五十骑玄甲无声地勒马停驻,如同五十尊冰冷的钢铁雕像,拱卫在惊魂未定的小太监们身前。

场中只剩下浓重的血腥味和死一般的寂静。

看台之上,张角猛地从座位上站起,宽大的道袍无风自动!身形却止不住的颤抖!

视线一直在那五十名玄甲骑兵和陆长生方向徘徊。

修道半生,他比身边的人对气机敏感的多。

眼前的这支军队,让他感受到的不是凡俗军队的杀气。

而是一种…凝聚到极致、仿佛承载着能终结乱世,承载煌煌天命的铁血军魂!

这支军队有龙气!是帝皇之军!这!这怎么可能…陛下居然真能引得天兵相助!”

张角低声喃喃,声音带着一丝他无法控制的颤抖。

几十年的修道生涯,观星象、察气运、感鬼神,他以为自己早已窥得天机一角。

可眼前这突然出现的神兵,彻底击碎了他固有的认知。这只军队绝不是人力所能及,这只能是…天命!

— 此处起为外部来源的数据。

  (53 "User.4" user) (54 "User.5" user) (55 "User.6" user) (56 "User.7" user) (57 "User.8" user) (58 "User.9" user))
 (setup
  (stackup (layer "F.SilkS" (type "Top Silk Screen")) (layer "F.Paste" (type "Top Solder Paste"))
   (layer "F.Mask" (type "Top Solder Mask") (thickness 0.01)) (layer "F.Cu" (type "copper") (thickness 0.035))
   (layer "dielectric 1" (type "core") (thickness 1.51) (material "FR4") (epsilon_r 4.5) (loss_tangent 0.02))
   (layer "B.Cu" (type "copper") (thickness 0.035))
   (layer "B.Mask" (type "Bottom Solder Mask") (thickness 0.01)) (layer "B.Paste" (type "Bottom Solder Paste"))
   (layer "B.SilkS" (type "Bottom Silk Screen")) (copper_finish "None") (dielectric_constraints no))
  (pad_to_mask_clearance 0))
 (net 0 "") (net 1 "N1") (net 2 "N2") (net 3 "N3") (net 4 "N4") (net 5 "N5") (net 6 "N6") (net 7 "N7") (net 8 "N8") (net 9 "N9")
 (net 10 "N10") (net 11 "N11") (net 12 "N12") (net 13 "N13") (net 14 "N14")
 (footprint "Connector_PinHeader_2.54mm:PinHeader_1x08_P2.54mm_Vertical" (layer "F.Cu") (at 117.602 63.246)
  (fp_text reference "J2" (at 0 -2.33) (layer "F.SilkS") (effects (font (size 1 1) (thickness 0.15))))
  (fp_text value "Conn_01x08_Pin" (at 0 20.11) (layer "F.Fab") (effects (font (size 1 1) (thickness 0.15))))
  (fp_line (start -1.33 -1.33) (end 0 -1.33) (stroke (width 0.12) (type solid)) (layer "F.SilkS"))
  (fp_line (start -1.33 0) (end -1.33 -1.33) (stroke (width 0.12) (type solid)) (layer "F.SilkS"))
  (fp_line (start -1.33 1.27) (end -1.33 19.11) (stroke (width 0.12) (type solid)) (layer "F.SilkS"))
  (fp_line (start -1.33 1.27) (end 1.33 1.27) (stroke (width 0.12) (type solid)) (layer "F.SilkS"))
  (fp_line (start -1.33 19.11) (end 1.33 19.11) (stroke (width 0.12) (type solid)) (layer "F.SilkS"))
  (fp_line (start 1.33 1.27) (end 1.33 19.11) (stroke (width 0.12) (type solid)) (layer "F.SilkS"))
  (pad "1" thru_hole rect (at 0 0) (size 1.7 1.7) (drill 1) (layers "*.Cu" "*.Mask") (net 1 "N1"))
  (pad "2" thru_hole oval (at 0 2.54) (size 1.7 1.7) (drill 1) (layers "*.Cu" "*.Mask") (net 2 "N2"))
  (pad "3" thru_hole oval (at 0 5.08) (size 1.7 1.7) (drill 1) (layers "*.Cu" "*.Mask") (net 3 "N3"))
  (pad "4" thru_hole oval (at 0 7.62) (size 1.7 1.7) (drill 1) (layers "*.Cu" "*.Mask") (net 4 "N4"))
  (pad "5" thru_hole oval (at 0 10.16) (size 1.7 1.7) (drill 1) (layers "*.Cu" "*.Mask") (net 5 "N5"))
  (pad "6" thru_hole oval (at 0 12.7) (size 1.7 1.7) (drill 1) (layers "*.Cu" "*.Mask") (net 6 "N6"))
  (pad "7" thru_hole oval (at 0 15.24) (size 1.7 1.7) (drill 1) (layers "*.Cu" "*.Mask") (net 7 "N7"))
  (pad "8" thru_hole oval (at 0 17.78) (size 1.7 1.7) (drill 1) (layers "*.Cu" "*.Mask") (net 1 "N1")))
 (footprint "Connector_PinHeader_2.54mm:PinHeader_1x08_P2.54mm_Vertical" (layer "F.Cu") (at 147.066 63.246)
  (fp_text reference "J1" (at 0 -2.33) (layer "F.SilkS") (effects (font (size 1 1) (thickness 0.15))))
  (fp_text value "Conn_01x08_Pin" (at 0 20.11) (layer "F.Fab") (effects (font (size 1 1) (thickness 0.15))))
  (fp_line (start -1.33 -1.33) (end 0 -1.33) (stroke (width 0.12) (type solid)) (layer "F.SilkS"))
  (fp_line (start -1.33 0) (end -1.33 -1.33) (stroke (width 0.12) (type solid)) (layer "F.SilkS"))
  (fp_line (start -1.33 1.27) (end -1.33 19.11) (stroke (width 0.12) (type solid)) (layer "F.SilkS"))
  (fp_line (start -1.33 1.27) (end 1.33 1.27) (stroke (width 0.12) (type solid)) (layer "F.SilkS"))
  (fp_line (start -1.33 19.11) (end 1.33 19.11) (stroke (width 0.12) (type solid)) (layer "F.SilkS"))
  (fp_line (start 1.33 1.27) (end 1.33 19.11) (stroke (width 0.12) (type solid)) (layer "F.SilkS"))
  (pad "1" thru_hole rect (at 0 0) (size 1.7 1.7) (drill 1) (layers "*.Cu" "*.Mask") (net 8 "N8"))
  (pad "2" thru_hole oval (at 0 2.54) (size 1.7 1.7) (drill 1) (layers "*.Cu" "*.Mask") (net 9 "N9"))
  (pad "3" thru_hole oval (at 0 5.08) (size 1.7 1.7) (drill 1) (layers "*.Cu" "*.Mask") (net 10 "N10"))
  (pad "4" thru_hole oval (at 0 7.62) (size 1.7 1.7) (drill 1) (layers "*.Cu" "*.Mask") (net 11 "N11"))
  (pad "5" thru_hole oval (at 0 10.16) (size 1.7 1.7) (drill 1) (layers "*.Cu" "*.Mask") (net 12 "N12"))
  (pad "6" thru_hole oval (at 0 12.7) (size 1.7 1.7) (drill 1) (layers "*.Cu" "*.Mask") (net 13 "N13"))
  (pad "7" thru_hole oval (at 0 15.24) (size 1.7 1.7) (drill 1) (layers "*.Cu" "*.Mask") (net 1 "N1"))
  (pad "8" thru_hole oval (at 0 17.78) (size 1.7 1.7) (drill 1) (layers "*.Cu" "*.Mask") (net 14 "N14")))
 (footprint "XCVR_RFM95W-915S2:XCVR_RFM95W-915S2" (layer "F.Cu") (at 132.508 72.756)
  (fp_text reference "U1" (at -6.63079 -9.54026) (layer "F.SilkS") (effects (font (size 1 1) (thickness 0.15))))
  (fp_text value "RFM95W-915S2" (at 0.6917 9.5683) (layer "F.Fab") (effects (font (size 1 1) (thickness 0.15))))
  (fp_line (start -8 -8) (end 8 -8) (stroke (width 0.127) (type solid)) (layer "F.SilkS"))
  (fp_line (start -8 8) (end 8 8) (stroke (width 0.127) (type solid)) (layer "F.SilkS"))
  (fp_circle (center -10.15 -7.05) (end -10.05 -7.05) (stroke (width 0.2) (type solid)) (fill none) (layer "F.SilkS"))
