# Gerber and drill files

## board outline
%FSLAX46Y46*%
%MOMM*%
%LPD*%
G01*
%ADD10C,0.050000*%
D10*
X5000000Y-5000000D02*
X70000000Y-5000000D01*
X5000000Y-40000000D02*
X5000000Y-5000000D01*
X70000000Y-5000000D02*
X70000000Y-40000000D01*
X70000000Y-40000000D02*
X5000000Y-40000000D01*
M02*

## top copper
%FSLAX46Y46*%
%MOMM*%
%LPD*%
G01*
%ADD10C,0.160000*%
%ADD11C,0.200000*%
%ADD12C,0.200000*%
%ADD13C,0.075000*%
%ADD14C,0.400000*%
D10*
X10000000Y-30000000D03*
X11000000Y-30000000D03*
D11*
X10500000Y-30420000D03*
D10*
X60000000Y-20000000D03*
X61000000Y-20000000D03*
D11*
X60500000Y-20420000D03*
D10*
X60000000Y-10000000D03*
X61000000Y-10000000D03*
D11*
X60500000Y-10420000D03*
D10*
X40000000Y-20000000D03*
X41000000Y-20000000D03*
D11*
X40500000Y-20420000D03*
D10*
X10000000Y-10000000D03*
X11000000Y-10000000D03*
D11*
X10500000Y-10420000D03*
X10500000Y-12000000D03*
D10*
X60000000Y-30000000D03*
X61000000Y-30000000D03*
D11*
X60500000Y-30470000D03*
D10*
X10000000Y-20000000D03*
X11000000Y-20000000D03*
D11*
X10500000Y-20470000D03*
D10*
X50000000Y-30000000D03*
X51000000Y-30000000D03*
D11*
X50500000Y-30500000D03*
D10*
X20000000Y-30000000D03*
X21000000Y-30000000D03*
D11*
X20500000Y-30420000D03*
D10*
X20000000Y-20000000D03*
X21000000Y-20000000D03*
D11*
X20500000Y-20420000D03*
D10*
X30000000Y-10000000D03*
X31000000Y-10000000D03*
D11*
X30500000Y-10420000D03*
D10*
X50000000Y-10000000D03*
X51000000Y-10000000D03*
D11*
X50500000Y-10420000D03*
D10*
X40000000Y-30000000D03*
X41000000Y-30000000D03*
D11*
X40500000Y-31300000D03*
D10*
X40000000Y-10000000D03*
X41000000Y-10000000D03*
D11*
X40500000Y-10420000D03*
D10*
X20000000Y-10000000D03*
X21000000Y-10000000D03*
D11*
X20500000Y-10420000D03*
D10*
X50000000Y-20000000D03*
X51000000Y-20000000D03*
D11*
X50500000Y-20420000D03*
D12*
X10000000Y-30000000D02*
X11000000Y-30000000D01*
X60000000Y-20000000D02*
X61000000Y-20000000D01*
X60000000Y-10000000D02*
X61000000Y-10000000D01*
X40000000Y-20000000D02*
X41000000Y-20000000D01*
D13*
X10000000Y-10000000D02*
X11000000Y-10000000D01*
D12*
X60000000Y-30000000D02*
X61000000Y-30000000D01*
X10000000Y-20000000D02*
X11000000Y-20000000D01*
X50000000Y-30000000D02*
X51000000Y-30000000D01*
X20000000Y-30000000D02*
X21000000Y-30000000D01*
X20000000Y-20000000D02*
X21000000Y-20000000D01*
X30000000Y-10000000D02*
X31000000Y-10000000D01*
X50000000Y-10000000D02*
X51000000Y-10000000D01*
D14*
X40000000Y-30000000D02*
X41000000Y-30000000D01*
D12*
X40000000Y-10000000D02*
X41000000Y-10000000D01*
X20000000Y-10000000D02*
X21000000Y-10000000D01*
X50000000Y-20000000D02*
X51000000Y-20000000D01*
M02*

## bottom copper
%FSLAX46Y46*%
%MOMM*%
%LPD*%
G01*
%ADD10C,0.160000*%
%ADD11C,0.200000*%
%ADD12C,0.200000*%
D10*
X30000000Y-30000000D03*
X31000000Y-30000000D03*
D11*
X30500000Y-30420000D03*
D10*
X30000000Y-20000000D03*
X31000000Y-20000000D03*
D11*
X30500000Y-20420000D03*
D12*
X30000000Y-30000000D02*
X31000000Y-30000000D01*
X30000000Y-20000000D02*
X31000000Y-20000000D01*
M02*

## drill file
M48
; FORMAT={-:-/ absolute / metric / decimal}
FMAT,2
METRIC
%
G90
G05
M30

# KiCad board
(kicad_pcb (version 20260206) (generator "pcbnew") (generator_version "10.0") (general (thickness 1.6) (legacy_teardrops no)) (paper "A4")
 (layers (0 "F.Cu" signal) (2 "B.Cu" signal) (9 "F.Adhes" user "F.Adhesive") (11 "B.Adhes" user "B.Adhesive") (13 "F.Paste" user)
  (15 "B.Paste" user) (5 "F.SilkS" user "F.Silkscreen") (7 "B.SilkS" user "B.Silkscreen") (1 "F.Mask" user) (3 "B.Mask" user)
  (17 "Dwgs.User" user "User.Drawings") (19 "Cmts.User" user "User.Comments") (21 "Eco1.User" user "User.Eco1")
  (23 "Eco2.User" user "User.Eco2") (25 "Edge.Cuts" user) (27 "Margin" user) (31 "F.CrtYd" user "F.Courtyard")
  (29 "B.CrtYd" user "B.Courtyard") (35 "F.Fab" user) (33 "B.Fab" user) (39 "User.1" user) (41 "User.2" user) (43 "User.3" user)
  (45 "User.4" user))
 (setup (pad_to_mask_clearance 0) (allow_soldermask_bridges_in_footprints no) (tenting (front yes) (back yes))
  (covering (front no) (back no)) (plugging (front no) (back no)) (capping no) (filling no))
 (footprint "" (layer "F.Cu") (at 10 30)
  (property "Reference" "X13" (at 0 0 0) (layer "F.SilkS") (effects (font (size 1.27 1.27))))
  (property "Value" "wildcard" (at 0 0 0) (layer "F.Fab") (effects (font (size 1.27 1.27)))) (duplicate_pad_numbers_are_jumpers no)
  (pad "1" smd circle (at 0 0) (size 0.16 0.16) (layers "F.Cu") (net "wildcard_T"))
  (pad "2" smd circle (at 1 0) (size 0.16 0.16) (layers "F.Cu") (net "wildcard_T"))
  (pad "3" smd circle (at 0.5 0.42) (size 0.2 0.2) (layers "F.Cu") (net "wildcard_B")))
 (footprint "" (layer "F.Cu") (at 60 20)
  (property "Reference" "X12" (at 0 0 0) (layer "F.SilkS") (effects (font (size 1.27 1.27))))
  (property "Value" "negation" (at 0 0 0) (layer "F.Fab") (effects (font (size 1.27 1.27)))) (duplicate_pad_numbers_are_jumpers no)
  (pad "1" smd circle (at 0 0) (size 0.16 0.16) (layers "F.Cu") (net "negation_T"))
  (pad "2" smd circle (at 1 0) (size 0.16 0.16) (layers "F.Cu") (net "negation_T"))
  (pad "3" smd circle (at 0.5 0.42) (size 0.2 0.2) (layers "F.Cu") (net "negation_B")))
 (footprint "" (layer "F.Cu") (at 60 10)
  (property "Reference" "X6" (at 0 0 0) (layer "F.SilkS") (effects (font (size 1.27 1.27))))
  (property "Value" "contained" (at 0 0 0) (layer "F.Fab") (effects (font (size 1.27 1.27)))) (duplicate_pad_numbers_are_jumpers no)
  (pad "1" smd circle (at 0 0) (size 0.16 0.16) (layers "F.Cu") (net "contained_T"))
  (pad "2" smd circle (at 1 0) (size 0.16 0.16) (layers "F.Cu") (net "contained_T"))
  (pad "3" smd circle (at 0.5 0.42) (size 0.2 0.2) (layers "F.Cu") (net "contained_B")))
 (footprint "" (layer "F.Cu") (at 40 20)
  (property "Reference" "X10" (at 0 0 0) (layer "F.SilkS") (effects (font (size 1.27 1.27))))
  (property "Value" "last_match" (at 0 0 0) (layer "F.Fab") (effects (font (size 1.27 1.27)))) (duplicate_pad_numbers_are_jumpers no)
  (pad "1" smd circle (at 0 0) (size 0.16 0.16) (layers "F.Cu") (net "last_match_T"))
  (pad "2" smd circle (at 1 0) (size 0.16 0.16) (layers "F.Cu") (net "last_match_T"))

是时候了,陆长生看到张角的神情,心里点了点头,随后适时的将手放在了他的后背上,轻轻拍了下。

“张国师?”

张角浑身一个激灵,仿佛从梦魇中被惊醒,猛地回头。

只见陆长生已悄然来到他身侧,负手而立。

目光平静地扫过下方如同钢铁雕塑般的玄甲骑兵,又落回到他身上。

年轻的帝王脸上没有得意,没有炫耀,只有一种深不见底的平静。

陛下!”张角慌忙躬身行礼,声音带着一丝他自己都未察觉的干涩。

陆长生向前一步,与张角并肩而立,俯瞰着下方斗兽场,仿佛在欣赏一幅奇异的画卷。

他没有立刻说话,无形的压力却让张角后背的冷汗几乎浸透道袍。

“朕方才见国师神色有异,”陆长生看了张角一会,仿佛要把他看穿后,方才开口,语气平淡。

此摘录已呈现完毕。